Ammaniti – Definitiv ja, es ist ein sehr wichtiger Ansatz. Die Jugend von heute lebt meist in einem künstlichen Kontext, obwohl sie es getan hat 
müssen sich der Realität stellen. Arbeit ist eine außerordentlich nützliche Erfahrung, weil sie sie befähigt und engagiert. Unter anderem bei wichtigen Ereignissen sind sie verfügbar und kompetent. Denken Sie an die Rolle, die bei der Katastrophe von Genua gespielt wurde. Während in L'Aquila ein Projekt zu ihrer Einbeziehung blockiert wurde, wurde Clowns in Schulen Raum gegeben, genau das, was nicht benötigt wird.

FIRSTonline – Opus 2065 ist das neueste Projekt der Golinelli Foundation. Ziel ist es, Kindern einen adäquaten Werkzeugkasten für eine Welt an die Hand zu geben, die wir uns nicht einmal vorstellen können. Was würdest du in diese Kiste packen? 

Ammaniti – Der Computer, die Bücher, die Schere, eine Hacke. Denn die Erde muss bearbeitet werden, wir dürfen sie nicht misshandeln, wir müssen sie pflegen. Jede Felderfahrung ist gut für die Kinder: Wenn wir sie in die Parkreinigung einbeziehen, beteiligen sie sich mit Begeisterung und verstehen den Wert ihrer Arbeit.

FIRSTonline – Wie stellen Sie sich die Welt in 50 Jahren vor, wenn die Teenager von heute alt sein werden?

Ammaniti – das kann ich mir nicht vorstellen. Ich hoffe nur, dass diese Kinder verantwortungsbewusste Erwachsene werden und die Teenager-Familie veraltet sein wird. 

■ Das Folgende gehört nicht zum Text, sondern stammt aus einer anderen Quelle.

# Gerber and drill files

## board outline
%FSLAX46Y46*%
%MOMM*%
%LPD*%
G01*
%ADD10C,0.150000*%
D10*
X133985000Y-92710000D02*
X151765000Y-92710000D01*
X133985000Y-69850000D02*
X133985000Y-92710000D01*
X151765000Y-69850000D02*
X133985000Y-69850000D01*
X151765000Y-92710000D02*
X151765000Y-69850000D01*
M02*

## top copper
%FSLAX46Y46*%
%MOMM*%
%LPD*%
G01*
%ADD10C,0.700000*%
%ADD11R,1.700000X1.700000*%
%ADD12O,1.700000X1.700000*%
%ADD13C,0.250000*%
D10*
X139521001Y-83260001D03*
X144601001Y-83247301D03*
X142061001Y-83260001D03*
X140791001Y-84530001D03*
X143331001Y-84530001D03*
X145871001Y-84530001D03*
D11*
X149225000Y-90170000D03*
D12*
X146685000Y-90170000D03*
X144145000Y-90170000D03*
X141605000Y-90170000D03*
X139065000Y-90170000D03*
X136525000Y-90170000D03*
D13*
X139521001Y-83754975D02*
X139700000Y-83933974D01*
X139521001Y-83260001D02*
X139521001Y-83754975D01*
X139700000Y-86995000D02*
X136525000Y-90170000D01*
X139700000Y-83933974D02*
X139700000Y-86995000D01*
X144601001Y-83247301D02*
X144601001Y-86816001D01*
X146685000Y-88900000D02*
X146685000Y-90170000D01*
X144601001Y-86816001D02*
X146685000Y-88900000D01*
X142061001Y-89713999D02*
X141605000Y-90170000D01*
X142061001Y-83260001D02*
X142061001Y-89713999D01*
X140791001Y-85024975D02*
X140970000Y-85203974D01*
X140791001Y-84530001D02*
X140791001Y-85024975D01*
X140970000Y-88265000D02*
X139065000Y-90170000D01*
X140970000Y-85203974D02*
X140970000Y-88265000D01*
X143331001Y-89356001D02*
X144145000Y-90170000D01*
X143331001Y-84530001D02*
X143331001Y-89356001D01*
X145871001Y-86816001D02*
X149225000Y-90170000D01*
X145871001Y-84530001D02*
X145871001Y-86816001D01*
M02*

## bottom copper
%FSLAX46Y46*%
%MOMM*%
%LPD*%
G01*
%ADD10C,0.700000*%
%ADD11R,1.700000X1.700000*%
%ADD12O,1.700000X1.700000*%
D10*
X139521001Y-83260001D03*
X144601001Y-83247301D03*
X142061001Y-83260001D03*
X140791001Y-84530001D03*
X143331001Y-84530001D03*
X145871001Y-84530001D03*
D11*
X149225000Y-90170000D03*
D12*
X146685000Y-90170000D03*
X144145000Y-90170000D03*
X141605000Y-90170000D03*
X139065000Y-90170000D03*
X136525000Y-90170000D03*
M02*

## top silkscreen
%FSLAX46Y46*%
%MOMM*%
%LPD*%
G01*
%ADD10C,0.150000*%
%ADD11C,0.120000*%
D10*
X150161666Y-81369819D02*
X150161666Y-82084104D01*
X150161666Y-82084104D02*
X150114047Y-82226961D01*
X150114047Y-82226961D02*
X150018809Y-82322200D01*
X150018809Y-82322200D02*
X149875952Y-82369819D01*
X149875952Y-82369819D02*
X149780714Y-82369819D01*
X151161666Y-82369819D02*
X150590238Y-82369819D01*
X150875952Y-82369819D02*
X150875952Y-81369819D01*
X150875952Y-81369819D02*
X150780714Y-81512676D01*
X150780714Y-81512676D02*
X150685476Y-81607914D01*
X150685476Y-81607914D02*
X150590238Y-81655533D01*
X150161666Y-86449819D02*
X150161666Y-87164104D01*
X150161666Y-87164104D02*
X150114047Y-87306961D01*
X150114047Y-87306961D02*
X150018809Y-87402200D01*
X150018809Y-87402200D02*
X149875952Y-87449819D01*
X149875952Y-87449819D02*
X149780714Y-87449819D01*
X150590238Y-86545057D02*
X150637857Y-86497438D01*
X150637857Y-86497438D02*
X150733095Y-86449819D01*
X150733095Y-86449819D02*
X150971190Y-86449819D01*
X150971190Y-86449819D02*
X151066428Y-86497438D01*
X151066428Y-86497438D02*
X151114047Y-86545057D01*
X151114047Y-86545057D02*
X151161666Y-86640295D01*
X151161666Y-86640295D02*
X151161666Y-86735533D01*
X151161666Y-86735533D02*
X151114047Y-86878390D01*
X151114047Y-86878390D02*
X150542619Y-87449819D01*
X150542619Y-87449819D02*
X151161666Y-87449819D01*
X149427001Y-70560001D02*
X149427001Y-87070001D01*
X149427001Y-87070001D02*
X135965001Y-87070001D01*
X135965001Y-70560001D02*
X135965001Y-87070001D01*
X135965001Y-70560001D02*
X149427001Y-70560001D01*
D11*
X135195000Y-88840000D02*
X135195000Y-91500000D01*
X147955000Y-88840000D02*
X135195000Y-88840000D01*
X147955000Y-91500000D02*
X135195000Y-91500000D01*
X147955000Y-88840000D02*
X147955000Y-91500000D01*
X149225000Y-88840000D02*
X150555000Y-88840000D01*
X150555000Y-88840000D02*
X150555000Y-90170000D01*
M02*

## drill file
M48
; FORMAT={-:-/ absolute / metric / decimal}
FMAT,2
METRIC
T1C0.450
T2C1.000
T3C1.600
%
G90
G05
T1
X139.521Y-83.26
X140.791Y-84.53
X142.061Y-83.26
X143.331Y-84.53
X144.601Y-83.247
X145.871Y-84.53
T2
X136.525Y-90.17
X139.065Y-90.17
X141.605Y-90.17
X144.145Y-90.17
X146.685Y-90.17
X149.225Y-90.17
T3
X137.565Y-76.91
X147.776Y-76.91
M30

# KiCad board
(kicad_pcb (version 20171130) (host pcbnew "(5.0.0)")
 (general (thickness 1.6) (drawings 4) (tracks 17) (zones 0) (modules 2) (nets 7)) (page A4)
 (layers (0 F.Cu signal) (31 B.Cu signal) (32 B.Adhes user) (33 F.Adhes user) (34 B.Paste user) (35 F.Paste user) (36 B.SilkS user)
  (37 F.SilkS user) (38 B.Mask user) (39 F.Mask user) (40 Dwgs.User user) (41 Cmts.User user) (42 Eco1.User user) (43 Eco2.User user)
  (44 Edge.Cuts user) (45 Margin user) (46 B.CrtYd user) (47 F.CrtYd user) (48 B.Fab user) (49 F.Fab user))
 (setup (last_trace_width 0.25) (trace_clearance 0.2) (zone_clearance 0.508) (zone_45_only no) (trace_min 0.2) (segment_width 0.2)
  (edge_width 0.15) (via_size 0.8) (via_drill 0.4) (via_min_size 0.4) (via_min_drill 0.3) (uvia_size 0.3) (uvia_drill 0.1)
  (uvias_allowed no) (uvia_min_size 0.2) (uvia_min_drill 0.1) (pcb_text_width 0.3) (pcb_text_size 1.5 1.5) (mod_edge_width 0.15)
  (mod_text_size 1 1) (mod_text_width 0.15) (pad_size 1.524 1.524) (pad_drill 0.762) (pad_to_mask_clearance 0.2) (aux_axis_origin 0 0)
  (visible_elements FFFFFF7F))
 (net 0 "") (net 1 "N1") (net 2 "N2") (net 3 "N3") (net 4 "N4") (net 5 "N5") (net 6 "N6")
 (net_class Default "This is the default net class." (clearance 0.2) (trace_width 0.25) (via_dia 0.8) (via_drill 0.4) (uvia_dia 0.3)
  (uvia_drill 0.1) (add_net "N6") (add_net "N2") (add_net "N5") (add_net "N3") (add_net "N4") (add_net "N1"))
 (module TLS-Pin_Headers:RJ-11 (layer F.Cu) (at 142.696001 83.260001)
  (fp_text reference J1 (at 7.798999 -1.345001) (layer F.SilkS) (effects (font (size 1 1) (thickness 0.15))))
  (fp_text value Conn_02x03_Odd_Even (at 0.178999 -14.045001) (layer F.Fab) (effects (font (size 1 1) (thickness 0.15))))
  (fp_line (start 6.731 -12.7) (end 6.731 3.81) (layer F.SilkS) (width 0.15))
  (fp_line (start 6.731 3.81) (end -6.731 3.81) (layer F.SilkS) (width 0.15))
  (fp_line (start -6.731 -12.7) (end -6.731 3.81) (layer F.SilkS) (width 0.15))
  (fp_line (start -6.731 -12.7) (end 6.731 -12.7) (layer F.SilkS) (width 0.15))
  (pad "" np_thru_hole circle (at 5.08 -6.35) (size 1.6 1.6) (drill 1.6) (layers *.Cu *.Mask))
  (pad "" np_thru_hole circle (at -5.1308 -6.35) (size 1.6 1.6) (drill 1.6) (layers *.Cu *.Mask))
  (pad 6 thru_hole circle (at -3.175 0) (size 0.7 0.7) (drill 0.45) (layers *.Cu *.Mask) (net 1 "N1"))
  (pad 2 thru_hole circle (at 1.905 -0.0127) (size 0.7 0.7) (drill 0.45) (layers *.Cu *.Mask) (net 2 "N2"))
  (pad 4 thru_hole circle (at -0.635 0) (size 0.7 0.7) (drill 0.45) (layers *.Cu *.Mask) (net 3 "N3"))
  (pad 5 thru_hole circle (at -1.905 1.27) (size 0.7 0.7) (drill 0.45) (layers *.Cu *.Mask) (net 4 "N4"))
  (pad 3 thru_hole circle (at 0.635 1.27) (size 0.7 0.7) (drill 0.45) (layers *.Cu *.Mask) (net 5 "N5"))
  (pad 1 thru_hole circle (at 3.175 1.27) (size 0.7 0.7) (drill 0.45) (layers *.Cu *.Mask) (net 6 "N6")))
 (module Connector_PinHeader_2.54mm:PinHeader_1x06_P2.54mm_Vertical (layer F.Cu) (at 149.225 90.17 270)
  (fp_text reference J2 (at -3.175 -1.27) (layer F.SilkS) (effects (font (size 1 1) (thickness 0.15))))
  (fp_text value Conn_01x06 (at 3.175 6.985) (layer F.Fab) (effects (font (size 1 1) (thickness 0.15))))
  (fp_line (start -1.33 14.03) (end 1.33 14.03) (layer F.SilkS) (width 0.12))
  (fp_line (start -1.33 1.27) (end -1.33 14.03) (layer F.SilkS) (width 0.12))
  (fp_line (start 1.33 1.27) (end 1.33 14.03) (layer F.SilkS) (width 0.12))
  (fp_line (start -1.33 1.27) (end 1.33 1.27) (layer F.SilkS) (width 0.12))
  (fp_line (start -1.33 0) (end -1.33 -1.33) (layer F.SilkS) (width 0.12))
  (fp_line (start -1.33 -1.33) (end 0 -1.33) (layer F.SilkS) (width 0.12))
  (pad 1 thru_hole rect (at 0 0 270) (size 1.7 1.7) (drill 1) (layers *.Cu *.Mask) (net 6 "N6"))
  (pad 2 thru_hole oval (at 0 2.54 270) (size 1.7 1.7) (drill 1) (layers *.Cu *.Mask) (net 2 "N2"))
  (pad 3 thru_hole oval (at 0 5.08 270) (size 1.7 1.7) (drill 1) (layers *.Cu *.Mask) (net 5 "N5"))
  (pad 4 thru_hole oval (at 0 7.62 270) (size 1.7 1.7) (drill 1) (layers *.Cu *.Mask) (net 3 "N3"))
  (pad 5 thru_hole oval (at 0 10.16 270) (size 1.7 1.7) (drill 1) (layers *.Cu *.Mask) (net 4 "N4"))
  (pad 6 thru_hole oval (at 0 12.7 270) (size 1.7 1.7) (drill 1) (layers *.Cu *.Mask) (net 1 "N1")))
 (gr_line (start 133.985 92.71) (end 151.765 92.71) (layer Edge.Cuts) (width 0.15))
 (gr_line (start 133.985 69.85) (end 133.985 92.71) (layer Edge.Cuts) (width 0.15))
 (gr_line (start 151.765 69.85) (end 133.985 69.85) (layer Edge.Cuts) (width 0.15))
 (gr_line (start 151.765 92.71) (end 151.765 69.85) (layer Edge.Cuts) (width 0.15))
 (segment (start 139.521001 83.754975) (end 139.7 83.933974) (width 0.25) (layer F.Cu) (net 1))
 (segment (start 139.521001 83.260001) (end 139.521001 83.754975) (width 0.25) (layer F.Cu) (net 1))
 (segment (start 139.7 86.995) (end 136.525 90.17) (width 0.25) (layer F.Cu) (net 1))
 (segment (start 139.7 83.933974) (end 139.7 86.995) (width 0.25) (layer F.Cu) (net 1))
 (segment (start 144.601001 83.247301) (end 144.601001 86.816001) (width 0.25) (layer F.Cu) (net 2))
 (segment (start 146.685 88.9) (end 146.685 90.17) (width 0.25) (layer F.Cu) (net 2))
 (segment (start 144.601001 86.816001) (end 146.685 88.9) (width 0.25) (layer F.Cu) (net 2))
 (segment (start 142.061001 89.713999) (end 141.605 90.17) (width 0.25) (layer F.Cu) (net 3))
 (segment (start 142.061001 83.260001) (end 142.061001 89.713999) (width 0.25) (layer F.Cu) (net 3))
 (segment (start 140.791001 85.024975) (end 140.97 85.203974) (width 0.25) (layer F.Cu) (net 4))
 (segment (start 140.791001 84.530001) (end 140.791001 85.024975) (width 0.25) (layer F.Cu) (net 4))
 (segment (start 140.97 88.265) (end 139.065 90.17) (width 0.25) (layer F.Cu) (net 4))
 (segment (start 140.97 85.203974) (end 140.97 88.265) (width 0.25) (layer F.Cu) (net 4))
 (segment (start 143.331001 89.356001) (end 144.145 90.17) (width 0.25) (layer F.Cu) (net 5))
 (segment (start 143.331001 84.530001) (end 143.331001 89.356001) (width 0.25) (layer F.Cu) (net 5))
 (segment (start 145.871001 86.816001) (end 149.225 90.17) (width 0.25) (layer F.Cu) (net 6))
 (segment (start 145.871001 84.530001) (end 145.871001 86.816001) (width 0.25) (layer F.Cu) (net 6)))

FIRSTonline – In einem aktuellen Artikel schreibt Susanna Tamaro: „Ich habe den begründeten Verdacht, dass dieser Triumph eher der individuellen Freiheit gilt uns zum begehrten Parnassus des Menschen ohne Joche führen, riskieren Sie, uns direkt zu dem Primaten zu führen, der in uns schlummert. Zärtlich süße Primaten, aber auch in der Lage, die Freude und Wildheit des Mordes um seiner selbst willen zu erfahren.“

Ist eine Welt, die Frustrationen scheut, eine Welt, die nicht mehr reift? Ammaniti – Natürlich, wie Freud argumentiert, Frustration, Verzicht, Konflikt, Trauma: Das alles sind Schritte, die helfen, zu wachsen.